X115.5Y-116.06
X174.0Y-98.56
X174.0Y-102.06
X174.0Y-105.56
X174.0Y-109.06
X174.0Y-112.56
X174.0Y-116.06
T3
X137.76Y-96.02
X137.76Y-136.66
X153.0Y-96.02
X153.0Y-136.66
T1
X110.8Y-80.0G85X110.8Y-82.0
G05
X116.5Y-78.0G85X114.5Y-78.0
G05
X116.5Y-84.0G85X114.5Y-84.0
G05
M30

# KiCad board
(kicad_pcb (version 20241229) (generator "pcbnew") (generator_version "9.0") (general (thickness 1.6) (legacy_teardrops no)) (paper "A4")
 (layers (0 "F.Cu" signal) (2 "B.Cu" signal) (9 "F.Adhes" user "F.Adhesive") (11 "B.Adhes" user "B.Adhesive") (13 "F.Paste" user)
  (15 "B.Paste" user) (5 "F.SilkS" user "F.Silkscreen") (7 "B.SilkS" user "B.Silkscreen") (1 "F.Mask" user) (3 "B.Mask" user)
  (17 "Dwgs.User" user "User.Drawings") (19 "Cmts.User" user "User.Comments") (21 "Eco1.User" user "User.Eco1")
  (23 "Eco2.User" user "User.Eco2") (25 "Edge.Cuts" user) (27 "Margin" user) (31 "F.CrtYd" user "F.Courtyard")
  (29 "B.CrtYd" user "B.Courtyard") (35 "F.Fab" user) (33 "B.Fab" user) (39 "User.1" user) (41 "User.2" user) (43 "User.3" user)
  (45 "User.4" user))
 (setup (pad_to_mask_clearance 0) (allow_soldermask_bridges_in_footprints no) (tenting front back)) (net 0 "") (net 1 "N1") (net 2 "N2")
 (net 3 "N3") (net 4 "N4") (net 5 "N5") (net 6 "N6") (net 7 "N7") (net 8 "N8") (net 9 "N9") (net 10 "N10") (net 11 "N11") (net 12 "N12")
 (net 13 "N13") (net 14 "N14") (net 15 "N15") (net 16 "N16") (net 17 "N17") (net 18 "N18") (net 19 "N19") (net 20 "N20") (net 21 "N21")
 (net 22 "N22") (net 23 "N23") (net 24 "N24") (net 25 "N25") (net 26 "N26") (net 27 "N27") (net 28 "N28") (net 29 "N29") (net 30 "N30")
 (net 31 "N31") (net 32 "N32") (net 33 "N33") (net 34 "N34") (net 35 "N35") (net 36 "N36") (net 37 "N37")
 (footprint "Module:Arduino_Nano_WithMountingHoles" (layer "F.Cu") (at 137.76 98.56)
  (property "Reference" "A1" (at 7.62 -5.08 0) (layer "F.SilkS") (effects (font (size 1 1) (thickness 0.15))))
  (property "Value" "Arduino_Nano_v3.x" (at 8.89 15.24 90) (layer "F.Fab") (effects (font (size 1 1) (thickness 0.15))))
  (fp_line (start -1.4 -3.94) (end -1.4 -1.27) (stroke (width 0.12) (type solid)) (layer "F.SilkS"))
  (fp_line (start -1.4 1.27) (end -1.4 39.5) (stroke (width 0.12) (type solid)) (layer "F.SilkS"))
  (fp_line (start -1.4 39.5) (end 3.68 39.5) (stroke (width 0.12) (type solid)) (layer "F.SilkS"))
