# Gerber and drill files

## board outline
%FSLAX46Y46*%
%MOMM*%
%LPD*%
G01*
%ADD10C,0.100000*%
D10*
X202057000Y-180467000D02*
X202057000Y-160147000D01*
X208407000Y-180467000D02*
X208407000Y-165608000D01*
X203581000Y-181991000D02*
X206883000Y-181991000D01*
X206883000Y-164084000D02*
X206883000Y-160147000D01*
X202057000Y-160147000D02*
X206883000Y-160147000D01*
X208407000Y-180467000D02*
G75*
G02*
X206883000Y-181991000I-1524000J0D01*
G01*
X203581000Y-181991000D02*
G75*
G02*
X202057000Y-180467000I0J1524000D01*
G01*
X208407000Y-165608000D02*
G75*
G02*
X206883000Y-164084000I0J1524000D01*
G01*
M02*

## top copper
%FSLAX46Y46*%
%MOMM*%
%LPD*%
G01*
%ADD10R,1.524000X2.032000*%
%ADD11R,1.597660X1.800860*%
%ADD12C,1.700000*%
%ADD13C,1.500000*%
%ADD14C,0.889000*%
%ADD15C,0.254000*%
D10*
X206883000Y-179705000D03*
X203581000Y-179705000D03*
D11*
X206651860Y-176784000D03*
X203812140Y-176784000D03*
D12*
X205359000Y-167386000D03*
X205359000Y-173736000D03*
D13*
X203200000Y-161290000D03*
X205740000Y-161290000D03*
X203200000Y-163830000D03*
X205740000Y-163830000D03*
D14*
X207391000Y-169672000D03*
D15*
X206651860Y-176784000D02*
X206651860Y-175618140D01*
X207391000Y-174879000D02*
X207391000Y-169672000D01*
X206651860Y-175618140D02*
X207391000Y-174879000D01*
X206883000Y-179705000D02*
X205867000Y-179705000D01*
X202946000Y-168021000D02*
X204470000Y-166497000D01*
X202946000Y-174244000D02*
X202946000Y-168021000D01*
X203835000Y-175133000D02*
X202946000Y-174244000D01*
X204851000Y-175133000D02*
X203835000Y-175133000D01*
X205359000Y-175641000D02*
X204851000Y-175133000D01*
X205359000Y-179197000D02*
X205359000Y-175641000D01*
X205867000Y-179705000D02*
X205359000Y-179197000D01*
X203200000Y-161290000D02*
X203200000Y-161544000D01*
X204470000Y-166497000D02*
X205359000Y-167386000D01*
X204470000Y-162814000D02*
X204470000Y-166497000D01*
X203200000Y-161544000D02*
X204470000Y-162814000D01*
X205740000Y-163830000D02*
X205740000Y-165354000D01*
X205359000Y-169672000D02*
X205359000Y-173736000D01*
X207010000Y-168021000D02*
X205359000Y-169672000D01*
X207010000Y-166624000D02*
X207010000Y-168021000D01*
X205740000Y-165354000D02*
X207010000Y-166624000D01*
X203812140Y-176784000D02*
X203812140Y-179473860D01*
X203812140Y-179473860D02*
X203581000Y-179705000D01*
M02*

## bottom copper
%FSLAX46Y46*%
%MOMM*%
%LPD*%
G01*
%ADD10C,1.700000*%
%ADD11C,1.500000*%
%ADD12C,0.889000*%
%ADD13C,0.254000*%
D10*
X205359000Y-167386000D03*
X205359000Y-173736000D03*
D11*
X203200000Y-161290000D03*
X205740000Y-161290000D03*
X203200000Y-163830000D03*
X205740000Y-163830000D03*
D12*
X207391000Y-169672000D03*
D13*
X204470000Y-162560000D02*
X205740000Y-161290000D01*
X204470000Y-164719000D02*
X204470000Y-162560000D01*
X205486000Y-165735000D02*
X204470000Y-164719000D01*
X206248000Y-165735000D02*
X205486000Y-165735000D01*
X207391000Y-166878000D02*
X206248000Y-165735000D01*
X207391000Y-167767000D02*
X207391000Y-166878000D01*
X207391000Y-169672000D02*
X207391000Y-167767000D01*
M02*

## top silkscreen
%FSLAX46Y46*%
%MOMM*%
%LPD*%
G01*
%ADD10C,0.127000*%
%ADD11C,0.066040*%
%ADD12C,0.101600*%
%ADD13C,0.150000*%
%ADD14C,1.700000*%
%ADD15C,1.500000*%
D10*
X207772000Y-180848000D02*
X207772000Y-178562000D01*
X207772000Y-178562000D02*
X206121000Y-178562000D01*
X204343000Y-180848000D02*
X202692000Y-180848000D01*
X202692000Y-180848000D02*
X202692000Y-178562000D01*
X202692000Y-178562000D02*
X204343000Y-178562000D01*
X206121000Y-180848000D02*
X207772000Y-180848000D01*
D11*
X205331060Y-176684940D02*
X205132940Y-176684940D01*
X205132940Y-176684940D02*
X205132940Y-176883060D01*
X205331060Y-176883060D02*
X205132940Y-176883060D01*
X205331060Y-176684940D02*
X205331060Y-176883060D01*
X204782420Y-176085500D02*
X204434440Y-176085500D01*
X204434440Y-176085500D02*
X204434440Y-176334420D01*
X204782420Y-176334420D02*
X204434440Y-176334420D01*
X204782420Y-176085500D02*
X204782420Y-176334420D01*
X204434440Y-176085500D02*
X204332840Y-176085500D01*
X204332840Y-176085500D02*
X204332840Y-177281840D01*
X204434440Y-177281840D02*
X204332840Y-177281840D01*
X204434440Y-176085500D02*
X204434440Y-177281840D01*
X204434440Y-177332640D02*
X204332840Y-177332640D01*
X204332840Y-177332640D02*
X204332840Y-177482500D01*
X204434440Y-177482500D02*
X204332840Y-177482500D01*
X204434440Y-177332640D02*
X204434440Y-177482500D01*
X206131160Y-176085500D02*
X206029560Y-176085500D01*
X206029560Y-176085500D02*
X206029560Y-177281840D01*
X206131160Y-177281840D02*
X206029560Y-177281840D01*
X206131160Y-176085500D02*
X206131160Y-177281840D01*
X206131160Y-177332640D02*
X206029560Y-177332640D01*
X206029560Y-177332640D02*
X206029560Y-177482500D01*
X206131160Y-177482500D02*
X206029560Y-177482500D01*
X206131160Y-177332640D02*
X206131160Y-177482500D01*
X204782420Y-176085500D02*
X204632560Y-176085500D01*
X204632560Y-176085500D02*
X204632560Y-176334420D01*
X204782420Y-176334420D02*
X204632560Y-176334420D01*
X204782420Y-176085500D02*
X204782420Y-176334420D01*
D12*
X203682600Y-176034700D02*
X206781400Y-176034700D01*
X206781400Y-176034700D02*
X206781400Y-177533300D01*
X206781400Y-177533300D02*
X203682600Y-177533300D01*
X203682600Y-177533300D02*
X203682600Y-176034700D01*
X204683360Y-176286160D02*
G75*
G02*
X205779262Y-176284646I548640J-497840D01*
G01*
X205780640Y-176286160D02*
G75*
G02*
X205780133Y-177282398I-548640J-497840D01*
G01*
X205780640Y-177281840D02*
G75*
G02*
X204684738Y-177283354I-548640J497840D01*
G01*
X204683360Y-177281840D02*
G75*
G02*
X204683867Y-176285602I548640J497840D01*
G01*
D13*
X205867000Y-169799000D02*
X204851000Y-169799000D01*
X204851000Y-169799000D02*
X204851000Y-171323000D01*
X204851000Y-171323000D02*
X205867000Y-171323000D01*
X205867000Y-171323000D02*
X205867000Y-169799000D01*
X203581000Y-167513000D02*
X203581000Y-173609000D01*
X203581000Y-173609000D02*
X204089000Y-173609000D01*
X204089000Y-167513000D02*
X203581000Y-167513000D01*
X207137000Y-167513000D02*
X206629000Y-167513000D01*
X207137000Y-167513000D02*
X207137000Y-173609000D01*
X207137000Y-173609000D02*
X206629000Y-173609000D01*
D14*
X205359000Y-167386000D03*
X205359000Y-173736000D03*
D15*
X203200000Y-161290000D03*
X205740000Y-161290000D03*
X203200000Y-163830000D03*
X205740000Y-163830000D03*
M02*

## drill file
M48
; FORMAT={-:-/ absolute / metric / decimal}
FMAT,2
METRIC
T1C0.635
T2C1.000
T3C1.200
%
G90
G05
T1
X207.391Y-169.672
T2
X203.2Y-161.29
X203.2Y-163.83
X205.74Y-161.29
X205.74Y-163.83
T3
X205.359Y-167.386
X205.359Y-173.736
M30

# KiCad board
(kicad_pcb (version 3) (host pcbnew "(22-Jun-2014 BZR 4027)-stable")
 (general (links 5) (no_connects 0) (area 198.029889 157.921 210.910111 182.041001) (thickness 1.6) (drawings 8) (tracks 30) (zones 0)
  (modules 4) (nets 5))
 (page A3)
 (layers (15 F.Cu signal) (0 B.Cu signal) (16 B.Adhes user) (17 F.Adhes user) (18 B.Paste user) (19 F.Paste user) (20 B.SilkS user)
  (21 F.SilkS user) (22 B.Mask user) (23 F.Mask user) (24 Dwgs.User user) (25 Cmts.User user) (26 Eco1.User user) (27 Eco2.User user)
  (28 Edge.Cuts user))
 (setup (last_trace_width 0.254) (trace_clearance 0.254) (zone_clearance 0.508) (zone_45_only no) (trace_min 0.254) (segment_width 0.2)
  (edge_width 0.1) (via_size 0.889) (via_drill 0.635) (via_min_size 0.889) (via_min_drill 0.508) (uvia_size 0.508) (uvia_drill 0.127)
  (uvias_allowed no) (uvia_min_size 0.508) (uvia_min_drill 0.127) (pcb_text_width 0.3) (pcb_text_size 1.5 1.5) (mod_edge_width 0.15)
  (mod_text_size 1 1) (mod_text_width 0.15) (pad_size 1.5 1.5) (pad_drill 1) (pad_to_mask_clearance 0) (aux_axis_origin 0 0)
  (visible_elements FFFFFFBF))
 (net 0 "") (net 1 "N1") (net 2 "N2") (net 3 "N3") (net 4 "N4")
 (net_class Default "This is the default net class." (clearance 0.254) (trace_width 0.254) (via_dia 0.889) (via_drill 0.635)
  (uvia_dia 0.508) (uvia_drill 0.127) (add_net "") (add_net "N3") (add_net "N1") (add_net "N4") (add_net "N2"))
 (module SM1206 (layer F.Cu) (at 205.232 179.705 180)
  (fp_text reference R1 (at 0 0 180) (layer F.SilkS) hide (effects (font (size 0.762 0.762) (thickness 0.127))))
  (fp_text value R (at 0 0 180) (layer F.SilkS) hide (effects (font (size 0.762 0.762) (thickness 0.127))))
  (fp_line (start -2.54 -1.143) (end -2.54 1.143) (layer F.SilkS) (width 0.127))
  (fp_line (start -2.54 1.143) (end -0.889 1.143) (layer F.SilkS) (width 0.127))
  (fp_line (start 0.889 -1.143) (end 2.54 -1.143) (layer F.SilkS) (width 0.127))
  (fp_line (start 2.54 -1.143) (end 2.54 1.143) (layer F.SilkS) (width 0.127))
  (fp_line (start 2.54 1.143) (end 0.889 1.143) (layer F.SilkS) (width 0.127))
  (fp_line (start -0.889 -1.143) (end -2.54 -1.143) (layer F.SilkS) (width 0.127))
  (pad 1 smd rect (at -1.651 0 180) (size 1.524 2.032) (layers F.Cu F.Paste F.Mask) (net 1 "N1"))
  (pad 2 smd rect (at 1.651 0 180) (size 1.524 2.032) (layers F.Cu F.Paste F.Mask) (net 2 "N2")))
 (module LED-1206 (layer F.Cu) (at 205.232 176.784 180)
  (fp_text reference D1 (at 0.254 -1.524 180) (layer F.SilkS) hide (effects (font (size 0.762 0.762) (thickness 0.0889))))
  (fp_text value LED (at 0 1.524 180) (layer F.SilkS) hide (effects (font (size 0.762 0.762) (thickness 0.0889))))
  (fp_line (start -0.09906 0.09906) (end 0.09906 0.09906) (layer F.SilkS) (width 0.06604))
  (fp_line (start 0.09906 0.09906) (end 0.09906 -0.09906) (layer F.SilkS) (width 0.06604))
  (fp_line (start -0.09906 -0.09906) (end 0.09906 -0.09906) (layer F.SilkS) (width 0.06604))
  (fp_line (start -0.09906 0.09906) (end -0.09906 -0.09906) (layer F.SilkS) (width 0.06604))
  (fp_line (start 0.44958 0.6985) (end 0.79756 0.6985) (layer F.SilkS) (width 0.06604))
  (fp_line (start 0.79756 0.6985) (end 0.79756 0.44958) (layer F.SilkS) (width 0.06604))
  (fp_line (start 0.44958 0.44958) (end 0.79756 0.44958) (layer F.SilkS) (width 0.06604))
  (fp_line (start 0.44958 0.6985) (end 0.44958 0.44958) (layer F.SilkS) (width 0.06604))
  (fp_line (start 0.79756 0.6985) (end 0.89916 0.6985) (layer F.SilkS) (width 0.06604))
  (fp_line (start 0.89916 0.6985) (end 0.89916 -0.49784) (layer F.SilkS) (width 0.06604))
  (fp_line (start 0.79756 -0.49784) (end 0.89916 -0.49784) (layer F.SilkS) (width 0.06604))
  (fp_line (start 0.79756 0.6985) (end 0.79756 -0.49784) (layer F.SilkS) (width 0.06604))
  (fp_line (start 0.79756 -0.54864) (end 0.89916 -0.54864) (layer F.SilkS) (width 0.06604))
  (fp_line (start 0.89916 -0.54864) (end 0.89916 -0.6985) (layer F.SilkS) (width 0.06604))
  (fp_line (start 0.79756 -0.6985) (end 0.89916 -0.6985) (layer F.SilkS) (width 0.06604))
  (fp_line (start 0.79756 -0.54864) (end 0.79756 -0.6985) (layer F.SilkS) (width 0.06604))
  (fp_line (start -0.89916 0.6985) (end -0.79756 0.6985) (layer F.SilkS) (width 0.06604))
  (fp_line (start -0.79756 0.6985) (end -0.79756 -0.49784) (layer F.SilkS) (width 0.06604))
  (fp_line (start -0.89916 -0.49784) (end -0.79756 -0.49784) (layer F.SilkS) (width 0.06604))
  (fp_line (start -0.89916 0.6985) (end -0.89916 -0.49784) (layer F.SilkS) (width 0.06604))
  (fp_line (start -0.89916 -0.54864) (end -0.79756 -0.54864) (layer F.SilkS) (width 0.06604))
  (fp_line (start -0.79756 -0.54864) (end -0.79756 -0.6985) (layer F.SilkS) (width 0.06604))
  (fp_line (start -0.89916 -0.6985) (end -0.79756 -0.6985) (layer F.SilkS) (width 0.06604))
  (fp_line (start -0.89916 -0.54864) (end -0.89916 -0.6985) (layer F.SilkS) (width 0.06604))
  (fp_line (start 0.44958 0.6985) (end 0.59944 0.6985) (layer F.SilkS) (width 0.06604))
  (fp_line (start 0.59944 0.6985) (end 0.59944 0.44958) (layer F.SilkS) (width 0.06604))
  (fp_line (start 0.44958 0.44958) (end 0.59944 0.44958) (layer F.SilkS) (width 0.06604))
  (fp_line (start 0.44958 0.6985) (end 0.44958 0.44958) (layer F.SilkS) (width 0.06604))
  (fp_line (start 1.5494 0.7493) (end -1.5494 0.7493) (layer F.SilkS) (width 0.1016))
  (fp_line (start -1.5494 0.7493) (end -1.5494 -0.7493) (layer F.SilkS) (width 0.1016))
  (fp_line (start -1.5494 -0.7493) (end 1.5494 -0.7493) (layer F.SilkS) (width 0.1016))
  (fp_line (start 1.5494 -0.7493) (end 1.5494 0.7493) (layer F.SilkS) (width 0.1016))
  (fp_arc (start 0 0) (end 0.54864 0.49784) (angle 95.4) (layer F.SilkS) (width 0.1016))
  (fp_arc (start 0 0) (end -0.54864 0.49784) (angle 84.5) (layer F.SilkS) (width 0.1016))
  (fp_arc (start 0 0) (end -0.54864 -0.49784) (angle 95.4) (layer F.SilkS) (width 0.1016))
  (fp_arc (start 0 0) (end 0.54864 -0.49784) (angle 84.5) (layer F.SilkS) (width 0.1016))
  (pad 1 smd rect (at -1.41986 0 180) (size 1.59766 1.80086) (layers F.Cu F.Paste F.Mask) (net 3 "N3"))
  (pad 2 smd rect (at 1.41986 0 180) (size 1.59766 1.80086) (layers F.Cu F.Paste F.Mask) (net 2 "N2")))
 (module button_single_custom (layer F.Cu) (at 205.359 170.561 270)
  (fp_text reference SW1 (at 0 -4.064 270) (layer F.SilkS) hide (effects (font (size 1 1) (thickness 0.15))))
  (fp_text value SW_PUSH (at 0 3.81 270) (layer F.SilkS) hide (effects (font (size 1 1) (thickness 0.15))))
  (fp_line (start -0.762 -0.508) (end -0.762 0.508) (layer F.SilkS) (width 0.15))
  (fp_line (start -0.762 0.508) (end 0.762 0.508) (layer F.SilkS) (width 0.15))
  (fp_line (start 0.762 0.508) (end 0.762 -0.508) (layer F.SilkS) (width 0.15))
  (fp_line (start 0.762 -0.508) (end -0.762 -0.508) (layer F.SilkS) (width 0.15))
  (fp_line (start -3.048 1.778) (end 3.048 1.778) (layer F.SilkS) (width 0.15))
  (fp_line (start 3.048 1.778) (end 3.048 1.27) (layer F.SilkS) (width 0.15))
  (fp_line (start -3.048 1.27) (end -3.048 1.778) (layer F.SilkS) (width 0.15))
  (fp_line (start -3.048 -1.778) (end -3.048 -1.27) (layer F.SilkS) (width 0.15))
  (fp_line (start -3.048 -1.778) (end 3.048 -1.778) (layer F.SilkS) (width 0.15))
  (fp_line (start 3.048 -1.778) (end 3.048 -1.27) (layer F.SilkS) (width 0.15))
  (pad 1 thru_hole circle (at -3.175 0 270) (size 1.7 1.7) (drill 1.2) (layers *.Cu *.Mask F.SilkS) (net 1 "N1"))
  (pad 2 thru_hole circle (at 3.175 0 270) (size 1.7 1.7) (drill 1.2) (layers *.Cu *.Mask F.SilkS) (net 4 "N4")))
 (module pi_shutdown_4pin (layer F.Cu) (at 204.47 162.56)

#####

- _About this exercise_
Write out exactly the lines that fall from the line with "(module LED-1206 (layer" to the line with "(fp_text reference D1" in the records above, keeping both ends.

- _The completed task_
 (module LED-1206 (layer F.Cu) (at 205.232 176.784 180)
  (fp_text reference D1 (at 0.254 -1.524 180) (layer F.SilkS) hide (effects (font (size 0.762 0.762) (thickness 0.0889))))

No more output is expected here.